Wu C C
Department of Orthopaedic Surgery, Chang Gung Memorial Hospital, Chang Gung Medical College, Taipei, Taiwan, ROC.
Clin Orthop Relat Res. 1996 May(326):203-8. doi: 10.1097/00003086-199605000-00024.
Thirty-two adult patients with humeral shaft nonunions were treated with Seidel interlocking nails, and 6 of these 32 patients required an added staple. The indication for inserting a staple was rotational instability, despite use of a distal spreading screw.

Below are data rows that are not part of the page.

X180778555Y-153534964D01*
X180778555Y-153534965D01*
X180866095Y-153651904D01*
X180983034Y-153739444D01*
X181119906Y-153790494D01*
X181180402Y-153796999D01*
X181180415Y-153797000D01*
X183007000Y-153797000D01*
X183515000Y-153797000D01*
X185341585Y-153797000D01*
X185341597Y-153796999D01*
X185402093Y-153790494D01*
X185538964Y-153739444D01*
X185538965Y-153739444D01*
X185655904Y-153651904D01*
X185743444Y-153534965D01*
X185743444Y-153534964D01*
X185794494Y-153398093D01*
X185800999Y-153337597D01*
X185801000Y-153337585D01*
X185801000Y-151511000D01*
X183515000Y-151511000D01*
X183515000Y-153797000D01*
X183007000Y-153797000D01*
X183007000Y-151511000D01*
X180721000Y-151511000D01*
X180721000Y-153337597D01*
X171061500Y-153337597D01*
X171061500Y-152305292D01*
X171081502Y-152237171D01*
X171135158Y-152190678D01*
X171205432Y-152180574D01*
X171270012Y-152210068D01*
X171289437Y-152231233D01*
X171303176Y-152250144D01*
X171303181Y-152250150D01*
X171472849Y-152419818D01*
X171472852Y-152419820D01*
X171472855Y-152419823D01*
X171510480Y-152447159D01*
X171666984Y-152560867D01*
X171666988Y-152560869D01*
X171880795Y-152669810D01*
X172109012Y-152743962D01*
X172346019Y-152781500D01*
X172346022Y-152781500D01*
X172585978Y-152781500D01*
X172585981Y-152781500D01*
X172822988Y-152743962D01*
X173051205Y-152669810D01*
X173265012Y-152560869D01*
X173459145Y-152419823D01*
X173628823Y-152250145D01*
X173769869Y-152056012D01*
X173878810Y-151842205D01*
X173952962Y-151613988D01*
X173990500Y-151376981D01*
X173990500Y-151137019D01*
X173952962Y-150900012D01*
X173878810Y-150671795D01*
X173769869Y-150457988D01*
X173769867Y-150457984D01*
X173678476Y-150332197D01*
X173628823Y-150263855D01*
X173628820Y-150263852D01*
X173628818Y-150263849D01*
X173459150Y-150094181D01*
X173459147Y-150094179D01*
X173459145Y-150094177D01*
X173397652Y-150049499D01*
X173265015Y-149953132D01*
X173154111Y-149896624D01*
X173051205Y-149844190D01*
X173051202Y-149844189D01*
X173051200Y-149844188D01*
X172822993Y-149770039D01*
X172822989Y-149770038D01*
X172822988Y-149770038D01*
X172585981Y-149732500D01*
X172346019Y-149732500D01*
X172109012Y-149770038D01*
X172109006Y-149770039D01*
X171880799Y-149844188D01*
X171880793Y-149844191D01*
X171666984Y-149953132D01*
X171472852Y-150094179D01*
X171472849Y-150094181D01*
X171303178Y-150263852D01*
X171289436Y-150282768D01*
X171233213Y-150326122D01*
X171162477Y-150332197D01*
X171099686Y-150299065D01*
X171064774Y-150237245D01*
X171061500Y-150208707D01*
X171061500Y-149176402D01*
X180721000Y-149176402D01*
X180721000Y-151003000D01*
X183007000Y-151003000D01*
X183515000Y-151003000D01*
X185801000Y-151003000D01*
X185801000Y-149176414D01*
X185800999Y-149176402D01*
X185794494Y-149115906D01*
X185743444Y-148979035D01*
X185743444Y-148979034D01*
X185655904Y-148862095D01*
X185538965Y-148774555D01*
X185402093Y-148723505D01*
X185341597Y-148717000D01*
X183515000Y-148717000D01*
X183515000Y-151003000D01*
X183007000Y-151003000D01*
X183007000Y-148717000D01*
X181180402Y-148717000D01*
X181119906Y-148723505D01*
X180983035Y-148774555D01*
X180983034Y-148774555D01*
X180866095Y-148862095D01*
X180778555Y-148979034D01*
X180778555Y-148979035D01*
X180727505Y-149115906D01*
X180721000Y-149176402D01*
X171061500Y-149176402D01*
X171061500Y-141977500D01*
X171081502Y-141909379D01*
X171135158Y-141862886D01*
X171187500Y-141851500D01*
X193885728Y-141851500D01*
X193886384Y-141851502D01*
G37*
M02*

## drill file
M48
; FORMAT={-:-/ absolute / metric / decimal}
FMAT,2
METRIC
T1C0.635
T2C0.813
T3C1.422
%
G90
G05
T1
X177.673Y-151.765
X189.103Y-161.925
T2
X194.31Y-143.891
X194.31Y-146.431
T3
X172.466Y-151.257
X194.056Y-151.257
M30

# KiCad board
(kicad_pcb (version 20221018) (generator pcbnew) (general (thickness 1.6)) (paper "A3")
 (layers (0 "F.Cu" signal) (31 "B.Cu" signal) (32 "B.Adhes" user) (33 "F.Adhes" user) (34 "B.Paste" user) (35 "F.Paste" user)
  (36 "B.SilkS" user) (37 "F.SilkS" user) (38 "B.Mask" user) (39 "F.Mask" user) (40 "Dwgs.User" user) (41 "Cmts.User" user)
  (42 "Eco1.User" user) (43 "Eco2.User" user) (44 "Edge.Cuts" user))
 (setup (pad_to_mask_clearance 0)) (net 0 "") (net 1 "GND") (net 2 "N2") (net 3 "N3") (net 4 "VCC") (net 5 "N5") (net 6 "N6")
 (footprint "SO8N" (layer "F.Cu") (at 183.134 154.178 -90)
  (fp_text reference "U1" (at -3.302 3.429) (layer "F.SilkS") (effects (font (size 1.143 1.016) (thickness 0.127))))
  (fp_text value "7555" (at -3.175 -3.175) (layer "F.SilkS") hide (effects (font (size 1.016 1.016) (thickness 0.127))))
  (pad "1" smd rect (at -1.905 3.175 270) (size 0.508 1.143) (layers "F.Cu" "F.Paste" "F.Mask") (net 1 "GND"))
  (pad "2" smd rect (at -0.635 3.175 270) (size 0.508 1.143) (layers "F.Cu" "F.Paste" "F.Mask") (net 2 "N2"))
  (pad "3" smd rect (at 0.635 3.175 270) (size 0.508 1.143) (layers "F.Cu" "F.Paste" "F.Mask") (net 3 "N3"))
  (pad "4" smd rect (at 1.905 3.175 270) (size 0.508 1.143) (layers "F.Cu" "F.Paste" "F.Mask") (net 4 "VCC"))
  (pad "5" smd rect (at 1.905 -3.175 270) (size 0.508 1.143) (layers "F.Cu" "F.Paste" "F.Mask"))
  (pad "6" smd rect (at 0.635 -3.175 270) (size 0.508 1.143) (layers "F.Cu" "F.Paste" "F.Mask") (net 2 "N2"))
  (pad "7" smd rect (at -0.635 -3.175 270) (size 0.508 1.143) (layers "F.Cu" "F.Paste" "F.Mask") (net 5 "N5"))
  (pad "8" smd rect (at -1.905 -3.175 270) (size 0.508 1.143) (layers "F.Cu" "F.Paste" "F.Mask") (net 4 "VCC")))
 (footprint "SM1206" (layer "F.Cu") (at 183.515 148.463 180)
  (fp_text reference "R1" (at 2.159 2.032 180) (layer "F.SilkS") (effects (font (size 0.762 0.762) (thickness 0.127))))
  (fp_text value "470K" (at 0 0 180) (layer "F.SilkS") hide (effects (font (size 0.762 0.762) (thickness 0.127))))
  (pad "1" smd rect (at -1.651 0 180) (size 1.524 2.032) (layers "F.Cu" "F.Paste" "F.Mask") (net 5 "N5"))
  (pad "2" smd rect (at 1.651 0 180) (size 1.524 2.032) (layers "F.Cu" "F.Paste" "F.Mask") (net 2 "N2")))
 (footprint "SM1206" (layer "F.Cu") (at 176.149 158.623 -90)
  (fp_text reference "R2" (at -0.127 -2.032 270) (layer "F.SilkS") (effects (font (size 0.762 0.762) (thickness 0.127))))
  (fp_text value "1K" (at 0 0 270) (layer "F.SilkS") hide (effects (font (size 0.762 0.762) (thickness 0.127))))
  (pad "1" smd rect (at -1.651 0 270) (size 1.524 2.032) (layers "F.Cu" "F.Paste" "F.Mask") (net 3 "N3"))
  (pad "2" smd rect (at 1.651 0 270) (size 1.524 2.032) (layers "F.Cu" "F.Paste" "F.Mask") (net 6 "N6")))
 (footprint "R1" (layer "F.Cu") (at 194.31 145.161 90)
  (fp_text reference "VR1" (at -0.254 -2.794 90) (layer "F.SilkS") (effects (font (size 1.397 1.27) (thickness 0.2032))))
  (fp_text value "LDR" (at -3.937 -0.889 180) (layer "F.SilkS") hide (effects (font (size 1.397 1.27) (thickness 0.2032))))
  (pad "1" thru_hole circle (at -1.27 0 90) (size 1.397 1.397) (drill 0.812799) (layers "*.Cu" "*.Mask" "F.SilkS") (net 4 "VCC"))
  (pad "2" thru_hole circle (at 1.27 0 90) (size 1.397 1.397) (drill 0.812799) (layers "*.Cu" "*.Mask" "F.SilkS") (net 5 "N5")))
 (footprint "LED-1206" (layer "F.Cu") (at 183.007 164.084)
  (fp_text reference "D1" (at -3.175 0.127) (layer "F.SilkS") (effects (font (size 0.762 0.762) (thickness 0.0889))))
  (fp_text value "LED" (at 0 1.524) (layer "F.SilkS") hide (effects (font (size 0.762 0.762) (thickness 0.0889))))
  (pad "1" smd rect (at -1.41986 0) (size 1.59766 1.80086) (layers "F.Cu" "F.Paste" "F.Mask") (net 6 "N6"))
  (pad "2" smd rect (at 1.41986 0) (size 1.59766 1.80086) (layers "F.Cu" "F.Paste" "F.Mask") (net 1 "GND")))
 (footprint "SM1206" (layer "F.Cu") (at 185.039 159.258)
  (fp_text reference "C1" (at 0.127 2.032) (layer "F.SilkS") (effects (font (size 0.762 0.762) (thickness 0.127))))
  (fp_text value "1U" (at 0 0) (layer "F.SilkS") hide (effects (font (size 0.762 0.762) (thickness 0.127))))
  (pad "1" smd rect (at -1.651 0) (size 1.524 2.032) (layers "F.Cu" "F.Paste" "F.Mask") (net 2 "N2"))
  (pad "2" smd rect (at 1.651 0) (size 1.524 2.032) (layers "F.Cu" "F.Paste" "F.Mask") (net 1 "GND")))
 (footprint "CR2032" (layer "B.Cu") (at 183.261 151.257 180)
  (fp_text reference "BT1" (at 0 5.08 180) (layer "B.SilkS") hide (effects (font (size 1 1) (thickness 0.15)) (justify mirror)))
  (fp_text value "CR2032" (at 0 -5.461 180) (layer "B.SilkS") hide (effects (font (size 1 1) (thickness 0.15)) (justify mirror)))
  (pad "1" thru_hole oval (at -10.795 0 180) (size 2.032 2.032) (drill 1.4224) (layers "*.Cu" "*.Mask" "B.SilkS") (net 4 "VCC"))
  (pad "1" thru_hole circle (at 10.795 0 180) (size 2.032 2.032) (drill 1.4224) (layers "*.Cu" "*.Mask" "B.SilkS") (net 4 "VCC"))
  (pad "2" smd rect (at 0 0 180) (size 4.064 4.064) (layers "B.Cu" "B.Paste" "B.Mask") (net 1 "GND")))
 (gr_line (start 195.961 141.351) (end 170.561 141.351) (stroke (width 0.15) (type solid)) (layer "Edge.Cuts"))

All 6 patients with nonunions were followed for at least 1 year (median, 1.5 years), and all experienced a solid union. The union period was a median of 5 months, with a range of 3 to 7 months. No complications were noted. The author believes that all humeral shaft nonunions may be treated by a Seidel interlocking nail with or without a staple supplementation and cancellous bone graft. The technique is simple, and its results are satisfactory. Predrilling the cortices of both fragments is key to successful insertion of a staple.
32例肱骨干骨不连的成年患者接受了Seidel交锁髓内钉治疗,其中6例患者需要额外使用一枚加压钢板。插入加压钢板的指征是旋转不稳定,尽管使用了远端撑开螺钉。所有6例骨不连患者均随访至少1年(中位数为1.5年),均实现了牢固愈合。愈合时间中位数为5个月,范围为3至7个月。未发现并发症。作者认为,所有肱骨干骨不连均可采用Seidel交锁髓内钉治疗,可加用或不加用加压钢板及松质骨移植。该技术操作简单,效果满意。预先钻孔两块骨折碎片的皮质是成功插入加压钢板的关键。